Long-lived spatial structures are common in systems driven far from equilibrium, where dissipation, nonlinearity, and spatial coupling generate coherent patterns, metastable domains, and defect-mediated organization. Here we introduce a minimal theoretical–computational framework in which persistence is promoted from an a posteriori diagnostic to an explicit local field coupled to phase evolution. The model combines a phase field, a persistence field, a causal activation criterion with persistence-dependent thresholding, and finite-range non-local feedback sourced by topological defects. Numerical simulations in two and three spatial dimensions show the formation and stabilization of long-lived persistent domains and their correlation with defect-related observables.
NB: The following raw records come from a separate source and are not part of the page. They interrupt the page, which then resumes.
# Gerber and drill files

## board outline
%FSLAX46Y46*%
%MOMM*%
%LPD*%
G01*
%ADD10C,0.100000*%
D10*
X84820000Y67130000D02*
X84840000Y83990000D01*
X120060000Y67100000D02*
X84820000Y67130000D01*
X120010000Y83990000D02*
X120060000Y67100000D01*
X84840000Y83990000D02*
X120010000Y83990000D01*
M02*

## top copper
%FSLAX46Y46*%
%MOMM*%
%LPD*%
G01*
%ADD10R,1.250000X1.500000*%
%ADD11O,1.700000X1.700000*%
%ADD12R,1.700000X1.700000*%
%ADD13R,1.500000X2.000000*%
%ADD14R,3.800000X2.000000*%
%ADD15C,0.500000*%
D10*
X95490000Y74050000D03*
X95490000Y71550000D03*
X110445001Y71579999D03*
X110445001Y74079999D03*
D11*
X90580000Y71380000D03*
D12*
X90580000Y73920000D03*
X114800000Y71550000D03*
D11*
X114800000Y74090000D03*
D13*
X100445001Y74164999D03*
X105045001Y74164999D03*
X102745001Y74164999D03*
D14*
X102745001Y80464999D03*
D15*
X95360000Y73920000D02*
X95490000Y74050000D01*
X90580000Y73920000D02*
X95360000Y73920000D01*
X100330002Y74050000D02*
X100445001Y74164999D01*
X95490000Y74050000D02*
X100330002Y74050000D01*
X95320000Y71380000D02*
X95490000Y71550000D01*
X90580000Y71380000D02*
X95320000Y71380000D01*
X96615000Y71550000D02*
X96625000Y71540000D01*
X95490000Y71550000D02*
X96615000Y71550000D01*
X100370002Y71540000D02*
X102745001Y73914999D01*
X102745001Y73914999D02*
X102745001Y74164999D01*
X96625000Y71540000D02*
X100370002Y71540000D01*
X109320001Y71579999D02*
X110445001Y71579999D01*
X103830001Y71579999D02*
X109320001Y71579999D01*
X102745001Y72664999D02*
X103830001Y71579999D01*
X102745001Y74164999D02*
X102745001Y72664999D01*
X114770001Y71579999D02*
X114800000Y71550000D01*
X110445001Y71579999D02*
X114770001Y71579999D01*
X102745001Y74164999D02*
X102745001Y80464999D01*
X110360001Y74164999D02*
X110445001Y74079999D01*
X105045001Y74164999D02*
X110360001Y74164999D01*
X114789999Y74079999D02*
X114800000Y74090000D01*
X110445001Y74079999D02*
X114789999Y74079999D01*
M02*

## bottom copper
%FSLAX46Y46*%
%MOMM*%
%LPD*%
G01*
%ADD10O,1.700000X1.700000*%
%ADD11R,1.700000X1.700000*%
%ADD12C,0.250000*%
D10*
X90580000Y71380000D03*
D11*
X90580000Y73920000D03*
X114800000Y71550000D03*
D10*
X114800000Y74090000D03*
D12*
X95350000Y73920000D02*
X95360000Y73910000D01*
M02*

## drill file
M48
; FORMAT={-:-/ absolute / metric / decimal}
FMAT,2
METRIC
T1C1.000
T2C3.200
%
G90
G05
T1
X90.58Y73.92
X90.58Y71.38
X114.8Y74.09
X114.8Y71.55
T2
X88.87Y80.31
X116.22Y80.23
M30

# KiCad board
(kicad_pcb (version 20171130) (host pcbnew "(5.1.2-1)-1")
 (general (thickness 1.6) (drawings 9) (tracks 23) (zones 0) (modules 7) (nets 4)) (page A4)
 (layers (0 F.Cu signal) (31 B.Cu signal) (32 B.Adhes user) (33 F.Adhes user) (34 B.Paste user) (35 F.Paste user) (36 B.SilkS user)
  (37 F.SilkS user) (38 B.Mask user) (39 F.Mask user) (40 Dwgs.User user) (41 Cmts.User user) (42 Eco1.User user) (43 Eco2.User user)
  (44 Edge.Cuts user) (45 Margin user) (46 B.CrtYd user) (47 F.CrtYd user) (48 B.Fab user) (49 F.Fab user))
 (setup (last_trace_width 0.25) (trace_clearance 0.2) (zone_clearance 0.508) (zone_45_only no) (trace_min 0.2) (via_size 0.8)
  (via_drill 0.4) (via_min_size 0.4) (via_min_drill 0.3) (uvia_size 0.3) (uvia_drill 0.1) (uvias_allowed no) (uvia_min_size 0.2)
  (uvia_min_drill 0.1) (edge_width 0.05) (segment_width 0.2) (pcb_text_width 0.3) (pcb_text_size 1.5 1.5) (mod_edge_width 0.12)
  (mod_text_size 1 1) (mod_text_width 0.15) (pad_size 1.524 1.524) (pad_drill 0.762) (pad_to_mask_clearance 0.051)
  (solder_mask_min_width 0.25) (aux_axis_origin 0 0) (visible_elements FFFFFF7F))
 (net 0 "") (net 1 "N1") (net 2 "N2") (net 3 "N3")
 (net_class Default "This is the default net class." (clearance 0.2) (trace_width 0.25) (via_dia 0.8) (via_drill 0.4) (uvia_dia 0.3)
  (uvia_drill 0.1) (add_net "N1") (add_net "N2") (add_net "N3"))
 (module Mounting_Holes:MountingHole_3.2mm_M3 (layer F.Cu) (at 116.22 -80.23)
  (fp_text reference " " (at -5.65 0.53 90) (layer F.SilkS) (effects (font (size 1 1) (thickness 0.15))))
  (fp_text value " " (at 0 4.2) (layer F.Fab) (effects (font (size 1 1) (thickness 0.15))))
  (pad 1 np_thru_hole circle (at 0 0) (size 3.2 3.2) (drill 3.2) (layers *.Cu *.Mask)))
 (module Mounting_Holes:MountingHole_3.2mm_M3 (layer F.Cu) (at 88.87 -80.31)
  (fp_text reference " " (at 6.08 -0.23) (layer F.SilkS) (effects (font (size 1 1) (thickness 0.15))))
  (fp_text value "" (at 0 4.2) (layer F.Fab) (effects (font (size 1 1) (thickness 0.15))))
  (pad 1 np_thru_hole circle (at 0 0) (size 3.2 3.2) (drill 3.2) (layers *.Cu *.Mask)))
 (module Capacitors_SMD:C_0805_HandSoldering (layer F.Cu) (at 95.49 -72.8 270)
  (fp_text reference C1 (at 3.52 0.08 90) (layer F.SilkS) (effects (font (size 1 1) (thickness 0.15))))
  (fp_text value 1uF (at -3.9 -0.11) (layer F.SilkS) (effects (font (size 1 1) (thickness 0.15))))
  (pad 1 smd rect (at -1.25 0 270) (size 1.5 1.25) (layers F.Cu F.Paste F.Mask) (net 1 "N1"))
  (pad 2 smd rect (at 1.25 0 270) (size 1.5 1.25) (layers F.Cu F.Paste F.Mask) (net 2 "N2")))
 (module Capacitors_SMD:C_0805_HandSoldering (layer F.Cu) (at 110.445001 -72.829999 270)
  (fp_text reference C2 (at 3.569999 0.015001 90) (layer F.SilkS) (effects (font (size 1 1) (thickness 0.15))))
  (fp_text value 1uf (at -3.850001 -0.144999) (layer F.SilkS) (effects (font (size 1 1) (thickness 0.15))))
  (pad 2 smd rect (at 1.25 0 270) (size 1.5 1.25) (layers F.Cu F.Paste F.Mask) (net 2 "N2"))
  (pad 1 smd rect (at -1.25 0 270) (size 1.5 1.25) (layers F.Cu F.Paste F.Mask) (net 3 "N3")))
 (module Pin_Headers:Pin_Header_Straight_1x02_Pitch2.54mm (layer F.Cu) (at 90.58 -73.92)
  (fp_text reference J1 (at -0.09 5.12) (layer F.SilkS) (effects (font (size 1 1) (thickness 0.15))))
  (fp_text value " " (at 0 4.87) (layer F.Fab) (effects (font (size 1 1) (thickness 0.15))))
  (pad 2 thru_hole oval (at 0 2.54) (size 1.7 1.7) (drill 1) (layers *.Cu *.Mask) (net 2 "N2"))
  (pad 1 thru_hole rect (at 0 0) (size 1.7 1.7) (drill 1) (layers *.Cu *.Mask) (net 1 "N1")))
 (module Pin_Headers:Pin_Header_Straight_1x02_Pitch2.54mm (layer F.Cu) (at 114.8 -71.55 180)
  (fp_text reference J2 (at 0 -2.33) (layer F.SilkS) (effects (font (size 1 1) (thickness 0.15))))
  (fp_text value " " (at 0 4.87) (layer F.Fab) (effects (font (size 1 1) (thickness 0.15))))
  (pad 1 thru_hole rect (at 0 0 180) (size 1.7 1.7) (drill 1) (layers *.Cu *.Mask) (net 2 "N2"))
  (pad 2 thru_hole oval (at 0 2.54 180) (size 1.7 1.7) (drill 1) (layers *.Cu *.Mask) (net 3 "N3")))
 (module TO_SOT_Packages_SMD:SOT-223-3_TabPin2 (layer F.Cu) (at 102.745001 -77.314999 90)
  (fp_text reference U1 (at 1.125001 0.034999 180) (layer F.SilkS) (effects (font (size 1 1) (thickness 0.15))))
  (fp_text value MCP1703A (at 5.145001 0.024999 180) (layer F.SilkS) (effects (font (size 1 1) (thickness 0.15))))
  (pad 1 smd rect (at -3.15 -2.3 90) (size 2 1.5) (layers F.Cu F.Paste F.Mask) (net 1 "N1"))
  (pad 3 smd rect (at -3.15 2.3 90) (size 2 1.5) (layers F.Cu F.Paste F.Mask) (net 3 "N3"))
  (pad 2 smd rect (at -3.15 0 90) (size 2 1.5) (layers F.Cu F.Paste F.Mask) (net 2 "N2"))
  (pad 2 smd rect (at 3.15 0 90) (size 2 3.8) (layers F.Cu F.Paste F.Mask) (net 2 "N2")))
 (gr_line (start 84.82 -67.13) (end 84.84 -83.99) (layer Edge.Cuts) (width 0.1))
 (gr_line (start 120.06 -67.1) (end 84.82 -67.13) (layer Edge.Cuts) (width 0.1))
 (gr_line (start 120.01 -83.99) (end 120.06 -67.1) (layer Edge.Cuts) (width 0.1))
 (gr_line (start 84.84 -83.99) (end 120.01 -83.99) (layer Edge.Cuts) (width 0.1))
 (segment (start 95.35 -73.92) (end 95.36 -73.91) (width 0.25) (layer B.Cu) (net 1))
 (segment (start 95.36 -73.92) (end 95.49 -74.05) (width 0.5) (layer F.Cu) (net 1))
 (segment (start 90.58 -73.92) (end 95.36 -73.92) (width 0.5) (layer F.Cu) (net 1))
 (segment (start 100.330002 -74.05) (end 100.445001 -74.164999) (width 0.5) (layer F.Cu) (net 1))
 (segment (start 95.49 -74.05) (end 100.330002 -74.05) (width 0.5) (layer F.Cu) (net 1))
 (segment (start 95.32 -71.38) (end 95.49 -71.55) (width 0.5) (layer F.Cu) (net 2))
 (segment (start 90.58 -71.38) (end 95.32 -71.38) (width 0.5) (layer F.Cu) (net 2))
 (segment (start 96.615 -71.55) (end 96.625 -71.54) (width 0.5) (layer F.Cu) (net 2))
 (segment (start 95.49 -71.55) (end 96.615 -71.55) (width 0.5) (layer F.Cu) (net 2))
 (segment (start 100.370002 -71.54) (end 102.745001 -73.914999) (width 0.5) (layer F.Cu) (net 2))
 (segment (start 102.745001 -73.914999) (end 102.745001 -74.164999) (width 0.5) (layer F.Cu) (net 2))
 (segment (start 96.625 -71.54) (end 100.370002 -71.54) (width 0.5) (layer F.Cu) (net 2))
 (segment (start 109.320001 -71.579999) (end 110.445001 -71.579999) (width 0.5) (layer F.Cu) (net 2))
 (segment (start 103.830001 -71.579999) (end 109.320001 -71.579999) (width 0.5) (layer F.Cu) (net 2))
 (segment (start 102.745001 -72.664999) (end 103.830001 -71.579999) (width 0.5) (layer F.Cu) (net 2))
 (segment (start 102.745001 -74.164999) (end 102.745001 -72.664999) (width 0.5) (layer F.Cu) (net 2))
 (segment (start 114.770001 -71.579999) (end 114.8 -71.55) (width 0.5) (layer F.Cu) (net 2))
 (segment (start 110.445001 -71.579999) (end 114.770001 -71.579999) (width 0.5) (layer F.Cu) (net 2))
 (segment (start 102.745001 -74.164999) (end 102.745001 -80.464999) (width 0.5) (layer F.Cu) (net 2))
 (segment (start 110.360001 -74.164999) (end 110.445001 -74.079999) (width 0.5) (layer F.Cu) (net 3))
 (segment (start 105.045001 -74.164999) (end 110.360001 -74.164999) (width 0.5) (layer F.Cu) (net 3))
 (segment (start 114.789999 -74.079999) (end 114.8 -74.09) (width 0.5) (layer F.Cu) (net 3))
 (segment (start 110.445001 -74.079999) (end 114.789999 -74.079999) (width 0.5) (layer F.Cu) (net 3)))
Control simulations further show that the activated regime survives replacement of the local double-well persistence landscape by a single-well confining potential. The framework therefore isolates a minimal mechanism by which persistence can act as a dynamical variable in history-dependent nonequilibrium organization.

Suggested Citation

  • Corona, Giorgio, 2026. "A minimal theoretical–computational model of persistence in non-equilibrium dynamical systems," Chaos, Solitons & Fractals, Elsevier, vol. 209(P1).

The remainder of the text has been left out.